### Problem to work on
Copy every line of the entries that has the string "user" in it.

Stored data entries
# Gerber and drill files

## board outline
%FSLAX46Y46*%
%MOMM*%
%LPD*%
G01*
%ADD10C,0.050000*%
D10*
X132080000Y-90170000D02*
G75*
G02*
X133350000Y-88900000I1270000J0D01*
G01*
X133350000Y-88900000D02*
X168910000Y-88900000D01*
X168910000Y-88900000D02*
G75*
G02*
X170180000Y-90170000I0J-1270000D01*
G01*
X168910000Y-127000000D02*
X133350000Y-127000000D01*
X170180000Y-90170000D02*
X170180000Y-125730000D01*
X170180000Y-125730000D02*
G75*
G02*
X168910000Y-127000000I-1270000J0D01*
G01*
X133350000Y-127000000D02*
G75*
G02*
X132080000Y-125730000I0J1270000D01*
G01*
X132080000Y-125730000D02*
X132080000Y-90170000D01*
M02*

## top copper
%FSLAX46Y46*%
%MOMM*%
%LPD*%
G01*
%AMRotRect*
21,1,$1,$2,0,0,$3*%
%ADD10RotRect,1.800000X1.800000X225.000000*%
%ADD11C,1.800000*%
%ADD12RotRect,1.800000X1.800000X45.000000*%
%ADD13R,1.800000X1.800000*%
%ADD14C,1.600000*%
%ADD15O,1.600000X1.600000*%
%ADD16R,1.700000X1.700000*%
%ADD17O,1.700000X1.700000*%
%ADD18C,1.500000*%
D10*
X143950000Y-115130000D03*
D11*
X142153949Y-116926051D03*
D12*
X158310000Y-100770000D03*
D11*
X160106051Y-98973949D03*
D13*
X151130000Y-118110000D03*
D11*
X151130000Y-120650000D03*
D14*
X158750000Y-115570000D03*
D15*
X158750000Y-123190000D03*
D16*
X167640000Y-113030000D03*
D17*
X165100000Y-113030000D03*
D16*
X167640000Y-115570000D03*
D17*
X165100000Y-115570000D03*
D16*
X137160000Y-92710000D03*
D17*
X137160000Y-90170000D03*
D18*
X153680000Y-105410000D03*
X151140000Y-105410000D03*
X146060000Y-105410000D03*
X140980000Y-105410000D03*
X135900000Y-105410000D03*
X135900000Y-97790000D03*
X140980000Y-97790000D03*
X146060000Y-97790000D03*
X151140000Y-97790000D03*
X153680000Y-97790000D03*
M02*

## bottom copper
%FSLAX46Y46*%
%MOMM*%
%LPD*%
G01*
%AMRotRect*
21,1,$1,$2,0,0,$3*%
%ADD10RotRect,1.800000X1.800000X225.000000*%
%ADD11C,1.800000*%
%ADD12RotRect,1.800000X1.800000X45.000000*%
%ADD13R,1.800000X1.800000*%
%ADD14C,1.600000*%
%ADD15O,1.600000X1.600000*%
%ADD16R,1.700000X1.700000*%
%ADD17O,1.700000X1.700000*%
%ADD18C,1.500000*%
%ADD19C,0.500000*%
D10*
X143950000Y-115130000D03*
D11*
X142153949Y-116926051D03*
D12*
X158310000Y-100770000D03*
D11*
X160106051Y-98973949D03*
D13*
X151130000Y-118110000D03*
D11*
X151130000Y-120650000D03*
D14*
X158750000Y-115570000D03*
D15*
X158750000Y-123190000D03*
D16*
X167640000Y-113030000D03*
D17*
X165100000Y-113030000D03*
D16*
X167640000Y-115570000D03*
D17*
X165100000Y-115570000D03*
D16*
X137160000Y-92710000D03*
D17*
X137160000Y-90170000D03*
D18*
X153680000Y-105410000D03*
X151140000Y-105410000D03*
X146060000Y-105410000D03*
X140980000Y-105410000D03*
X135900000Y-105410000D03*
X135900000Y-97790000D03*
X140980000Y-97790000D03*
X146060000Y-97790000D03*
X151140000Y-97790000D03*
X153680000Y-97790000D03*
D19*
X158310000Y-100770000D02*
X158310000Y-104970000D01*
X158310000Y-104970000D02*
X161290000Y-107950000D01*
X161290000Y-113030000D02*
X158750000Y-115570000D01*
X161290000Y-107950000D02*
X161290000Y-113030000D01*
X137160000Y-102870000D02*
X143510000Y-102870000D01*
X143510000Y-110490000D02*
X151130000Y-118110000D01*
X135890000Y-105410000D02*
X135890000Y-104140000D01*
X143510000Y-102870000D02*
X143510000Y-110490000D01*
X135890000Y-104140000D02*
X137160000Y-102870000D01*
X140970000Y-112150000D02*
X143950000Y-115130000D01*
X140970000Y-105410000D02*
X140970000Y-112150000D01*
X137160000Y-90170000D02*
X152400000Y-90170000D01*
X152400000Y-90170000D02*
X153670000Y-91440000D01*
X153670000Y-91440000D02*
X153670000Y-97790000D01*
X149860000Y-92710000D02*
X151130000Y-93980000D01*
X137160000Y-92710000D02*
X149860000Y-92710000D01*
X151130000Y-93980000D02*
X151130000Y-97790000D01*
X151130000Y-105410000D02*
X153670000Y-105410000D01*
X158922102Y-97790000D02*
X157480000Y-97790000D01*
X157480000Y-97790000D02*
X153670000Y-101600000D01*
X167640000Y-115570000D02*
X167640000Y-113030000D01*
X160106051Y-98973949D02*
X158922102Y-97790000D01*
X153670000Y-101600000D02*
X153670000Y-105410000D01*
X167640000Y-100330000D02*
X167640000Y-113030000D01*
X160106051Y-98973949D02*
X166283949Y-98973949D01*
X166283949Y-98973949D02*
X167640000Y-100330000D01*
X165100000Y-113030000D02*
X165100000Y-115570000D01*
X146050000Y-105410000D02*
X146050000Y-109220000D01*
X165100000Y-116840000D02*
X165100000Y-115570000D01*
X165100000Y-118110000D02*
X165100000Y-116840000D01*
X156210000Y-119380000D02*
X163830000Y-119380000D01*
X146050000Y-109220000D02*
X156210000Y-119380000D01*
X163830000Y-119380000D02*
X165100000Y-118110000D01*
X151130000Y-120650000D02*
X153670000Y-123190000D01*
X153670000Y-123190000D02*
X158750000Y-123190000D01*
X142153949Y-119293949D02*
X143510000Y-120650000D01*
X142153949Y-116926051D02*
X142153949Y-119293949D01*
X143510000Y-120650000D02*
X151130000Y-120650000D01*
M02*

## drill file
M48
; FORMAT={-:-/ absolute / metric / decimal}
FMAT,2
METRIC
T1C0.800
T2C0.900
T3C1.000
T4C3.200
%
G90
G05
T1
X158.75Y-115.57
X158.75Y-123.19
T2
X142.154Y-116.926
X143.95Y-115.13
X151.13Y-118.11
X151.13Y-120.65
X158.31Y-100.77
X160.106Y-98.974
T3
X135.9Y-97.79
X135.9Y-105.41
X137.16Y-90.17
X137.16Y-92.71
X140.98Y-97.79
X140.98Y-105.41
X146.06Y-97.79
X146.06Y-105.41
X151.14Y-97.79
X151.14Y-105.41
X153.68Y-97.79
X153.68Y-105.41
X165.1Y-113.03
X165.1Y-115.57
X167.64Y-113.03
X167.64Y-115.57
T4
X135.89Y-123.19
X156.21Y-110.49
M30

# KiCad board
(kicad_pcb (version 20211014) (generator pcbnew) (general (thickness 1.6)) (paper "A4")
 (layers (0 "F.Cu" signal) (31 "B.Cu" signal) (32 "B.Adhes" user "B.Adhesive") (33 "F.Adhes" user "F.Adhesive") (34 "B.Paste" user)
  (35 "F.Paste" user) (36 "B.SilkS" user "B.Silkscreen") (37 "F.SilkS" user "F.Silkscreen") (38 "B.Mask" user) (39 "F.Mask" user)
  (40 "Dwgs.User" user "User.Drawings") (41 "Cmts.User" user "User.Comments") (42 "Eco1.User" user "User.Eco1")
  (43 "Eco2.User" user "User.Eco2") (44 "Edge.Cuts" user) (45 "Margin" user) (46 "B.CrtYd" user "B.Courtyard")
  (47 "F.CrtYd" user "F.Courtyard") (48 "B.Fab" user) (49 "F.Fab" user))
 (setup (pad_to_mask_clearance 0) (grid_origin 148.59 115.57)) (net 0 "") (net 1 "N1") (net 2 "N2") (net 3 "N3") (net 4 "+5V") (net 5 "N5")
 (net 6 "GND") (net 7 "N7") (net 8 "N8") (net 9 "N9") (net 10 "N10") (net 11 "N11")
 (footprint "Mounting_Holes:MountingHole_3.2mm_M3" (layer "F.Cu") (at 156.21 110.49 -90)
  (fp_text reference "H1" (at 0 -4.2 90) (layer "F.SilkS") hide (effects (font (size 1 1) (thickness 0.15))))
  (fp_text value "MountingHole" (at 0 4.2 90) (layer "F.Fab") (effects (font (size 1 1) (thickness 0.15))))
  (pad "" np_thru_hole circle locked (at 0 0 270) (size 3.2 3.2) (drill 3.2) (layers *.Cu *.Mask) (thermal_gap 2)))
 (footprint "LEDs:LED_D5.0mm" (layer "F.Cu") (at 143.95 115.13 -135)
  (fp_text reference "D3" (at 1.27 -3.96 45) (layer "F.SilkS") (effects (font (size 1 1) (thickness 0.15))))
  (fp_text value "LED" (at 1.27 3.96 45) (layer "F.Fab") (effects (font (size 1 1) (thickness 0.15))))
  (pad "1" thru_hole rect locked (at 0 0 225) (size 1.8 1.8) (drill 0.9) (layers *.Cu *.Mask) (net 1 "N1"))
  (pad "2" thru_hole circle locked (at 2.54 0 225) (size 1.8 1.8) (drill 0.9) (layers *.Cu *.Mask) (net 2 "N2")))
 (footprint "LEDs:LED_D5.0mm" (layer "F.Cu") (at 158.31 100.77 45)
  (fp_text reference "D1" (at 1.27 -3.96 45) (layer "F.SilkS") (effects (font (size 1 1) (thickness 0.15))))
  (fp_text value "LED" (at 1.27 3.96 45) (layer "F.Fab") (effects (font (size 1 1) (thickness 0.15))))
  (pad "1" thru_hole rect locked (at 0 0 45) (size 1.8 1.8) (drill 0.9) (layers *.Cu *.Mask) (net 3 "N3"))
  (pad "2" thru_hole circle locked (at 2.54 0 45) (size 1.8 1.8) (drill 0.9) (layers *.Cu *.Mask) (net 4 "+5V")))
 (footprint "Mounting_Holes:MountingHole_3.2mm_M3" (layer "F.Cu") (at 135.89 123.19 -90)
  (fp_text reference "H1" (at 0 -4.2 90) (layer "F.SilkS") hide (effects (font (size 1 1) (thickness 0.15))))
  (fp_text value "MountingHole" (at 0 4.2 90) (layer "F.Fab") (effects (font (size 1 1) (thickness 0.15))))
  (pad "" np_thru_hole circle locked (at 0 0 270) (size 3.2 3.2) (drill 3.2) (layers *.Cu *.Mask) (thermal_gap 2)))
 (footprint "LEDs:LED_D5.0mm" (layer "F.Cu") (at 151.13 118.11 -90)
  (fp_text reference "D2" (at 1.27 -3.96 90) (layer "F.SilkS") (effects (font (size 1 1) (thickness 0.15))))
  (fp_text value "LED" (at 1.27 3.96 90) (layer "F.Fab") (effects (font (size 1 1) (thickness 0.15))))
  (pad "1" thru_hole rect locked (at 0 0 270) (size 1.8 1.8) (drill 0.9) (layers *.Cu *.Mask) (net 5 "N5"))
  (pad "2" thru_hole circle locked (at 2.54 0 270) (size 1.8 1.8) (drill 0.9) (layers *.Cu *.Mask) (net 2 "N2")))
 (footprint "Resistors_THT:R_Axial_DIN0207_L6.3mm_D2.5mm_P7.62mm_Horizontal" (layer "F.Cu") (at 158.75 115.57 -90)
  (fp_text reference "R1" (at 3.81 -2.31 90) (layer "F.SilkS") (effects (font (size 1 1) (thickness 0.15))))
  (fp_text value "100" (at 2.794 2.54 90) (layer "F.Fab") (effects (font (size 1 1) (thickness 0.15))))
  (pad "1" thru_hole circle locked (at 0 0 270) (size 1.6 1.6) (drill 0.8) (layers *.Cu *.Mask) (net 3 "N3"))
  (pad "2" thru_hole oval locked (at 7.62 0 270) (size 1.6 1.6) (drill 0.8) (layers *.Cu *.Mask) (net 2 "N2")))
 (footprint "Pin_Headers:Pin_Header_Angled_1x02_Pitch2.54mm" (layer "B.Cu") (at 167.64 113.03 90)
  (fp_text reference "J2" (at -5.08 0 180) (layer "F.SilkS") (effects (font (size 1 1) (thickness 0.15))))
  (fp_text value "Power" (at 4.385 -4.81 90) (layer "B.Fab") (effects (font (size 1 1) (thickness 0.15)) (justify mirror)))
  (pad "1" thru_hole rect locked (at 0 0 90) (size 1.7 1.7) (drill 1) (layers *.Cu *.Mask) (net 4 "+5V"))
  (pad "2" thru_hole oval locked (at 0 -2.54 90) (size 1.7 1.7) (drill 1) (layers *.Cu *.Mask) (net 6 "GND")))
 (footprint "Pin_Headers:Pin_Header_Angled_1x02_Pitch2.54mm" (layer "B.Cu") (at 167.64 115.57 90)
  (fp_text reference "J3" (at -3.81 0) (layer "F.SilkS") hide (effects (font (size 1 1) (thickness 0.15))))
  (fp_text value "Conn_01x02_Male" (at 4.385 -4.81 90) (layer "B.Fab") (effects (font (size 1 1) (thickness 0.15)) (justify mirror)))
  (pad "1" thru_hole rect locked (at 0 0 90) (size 1.7 1.7) (drill 1) (layers *.Cu *.Mask) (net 4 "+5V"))
  (pad "2" thru_hole oval locked (at 0 -2.54 90) (size 1.7 1.7) (drill 1) (layers *.Cu *.Mask) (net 6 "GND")))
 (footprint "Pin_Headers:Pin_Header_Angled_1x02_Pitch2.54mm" (layer "B.Cu") (at 137.16 92.71)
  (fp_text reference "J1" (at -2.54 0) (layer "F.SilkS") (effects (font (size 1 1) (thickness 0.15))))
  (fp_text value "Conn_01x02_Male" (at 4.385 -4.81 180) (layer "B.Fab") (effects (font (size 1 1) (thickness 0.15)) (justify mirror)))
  (pad "1" thru_hole rect locked (at 0 0) (size 1.7 1.7) (drill 1) (layers *.Cu *.Mask) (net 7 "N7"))
  (pad "2" thru_hole oval locked (at 0 -2.54) (size 1.7 1.7) (drill 1) (layers *.Cu *.Mask) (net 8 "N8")))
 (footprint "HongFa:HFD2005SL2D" (layer "B.Cu") (at 153.68 105.41 180)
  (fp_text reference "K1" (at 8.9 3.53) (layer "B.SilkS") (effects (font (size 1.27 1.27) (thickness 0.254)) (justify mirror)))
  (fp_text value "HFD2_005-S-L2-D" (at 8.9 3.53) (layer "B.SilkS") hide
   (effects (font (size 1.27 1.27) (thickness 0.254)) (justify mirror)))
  (pad "1" thru_hole circle locked (at 0 0 180) (size 1.5 1.5) (drill 1) (layers *.Cu *.Mask) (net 4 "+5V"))
  (pad "2" thru_hole circle locked (at 2.54 0 180) (size 1.5 1.5) (drill 1) (layers *.Cu *.Mask) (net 4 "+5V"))
  (pad "4" thru_hole circle locked (at 7.62 0 180) (size 1.5 1.5) (drill 1) (layers *.Cu *.Mask) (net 6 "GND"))
  (pad "6" thru_hole circle locked (at 12.7 0 180) (size 1.5 1.5) (drill 1) (layers *.Cu *.Mask) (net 1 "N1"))
  (pad "8" thru_hole circle locked (at 17.78 0 180) (size 1.5 1.5) (drill 1) (layers *.Cu *.Mask) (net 5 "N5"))
  (pad "9" thru_hole circle locked (at 17.78 7.62 180) (size 1.5 1.5) (drill 1) (layers *.Cu *.Mask) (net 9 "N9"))
  (pad "11" thru_hole circle locked (at 12.7 7.62 180) (size 1.5 1.5) (drill 1) (layers *.Cu *.Mask) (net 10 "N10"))
  (pad "13" thru_hole circle locked (at 7.62 7.62 180) (size 1.5 1.5) (drill 1) (layers *.Cu *.Mask) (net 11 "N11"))
  (pad "15" thru_hole circle locked (at 2.54 7.62 180) (size 1.5 1.5) (drill 1) (layers *.Cu *.Mask) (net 7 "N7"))
  (pad "16" thru_hole circle locked (at 0 7.62 180) (size 1.5 1.5) (drill 1) (layers *.Cu *.Mask) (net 8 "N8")))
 (gr_arc (start 132.08 90.17) (mid 132.451974 89.271974) (end 133.35 88.9) (layer "Edge.Cuts") (width 0.05))
 (gr_line (start 133.35 88.9) (end 168.91 88.9) (layer "Edge.Cuts") (width 0.05))
 (gr_arc (start 168.91 88.9) (mid 169.808026 89.271974) (end 170.18 90.17) (layer "Edge.Cuts") (width 0.05))
 (gr_line (start 168.91 127) (end 133.35 127) (layer "Edge.Cuts") (width 0.05))
 (gr_line (start 170.18 90.17) (end 170.18 125.73) (layer "Edge.Cuts") (width 0.05))
 (gr_arc (start 170.18 125.73) (mid 169.808026 126.628026) (end 168.91 127) (layer "Edge.Cuts") (width 0.05))
 (gr_arc (start 133.35 127) (mid 132.451974 126.628026) (end 132.08 125.73) (layer "Edge.Cuts") (width 0.05))
 (gr_line (start 132.08 125.73) (end 132.08 90.17) (layer "Edge.Cuts") (width 0.05))
 (segment (start 158.31 100.77) (end 158.31 104.97) (width 0.5) (layer "B.Cu") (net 3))
 (segment (start 158.31 104.97) (end 161.29 107.95) (width 0.5) (layer "B.Cu") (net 3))
 (segment (start 161.29 113.03) (end 158.75 115.57) (width 0.5) (layer "B.Cu") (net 3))
 (segment (start 161.29 107.95) (end 161.29 113.03) (width 0.5) (layer "B.Cu") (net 3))
 (segment (start 137.16 102.87) (end 143.51 102.87) (width 0.5) (layer "B.Cu") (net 5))
 (segment (start 143.51 110.49) (end 151.13 118.11) (width 0.5) (layer "B.Cu") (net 5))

### Solution for this exercise
 (layers (0 "F.Cu" signal) (31 "B.Cu" signal) (32 "B.Adhes" user "B.Adhesive") (33 "F.Adhes" user "F.Adhesive") (34 "B.Paste" user)
  (35 "F.Paste" user) (36 "B.SilkS" user "B.Silkscreen") (37 "F.SilkS" user "F.Silkscreen") (38 "B.Mask" user) (39 "F.Mask" user)
  (40 "Dwgs.User" user "User.Drawings") (41 "Cmts.User" user "User.Comments") (42 "Eco1.User" user "User.Eco1")
  (43 "Eco2.User" user "User.Eco2") (44 "Edge.Cuts" user) (45 "Margin" user) (46 "B.CrtYd" user "B.Courtyard")
  (47 "F.CrtYd" user "F.Courtyard") (48 "B.Fab" user) (49 "F.Fab" user))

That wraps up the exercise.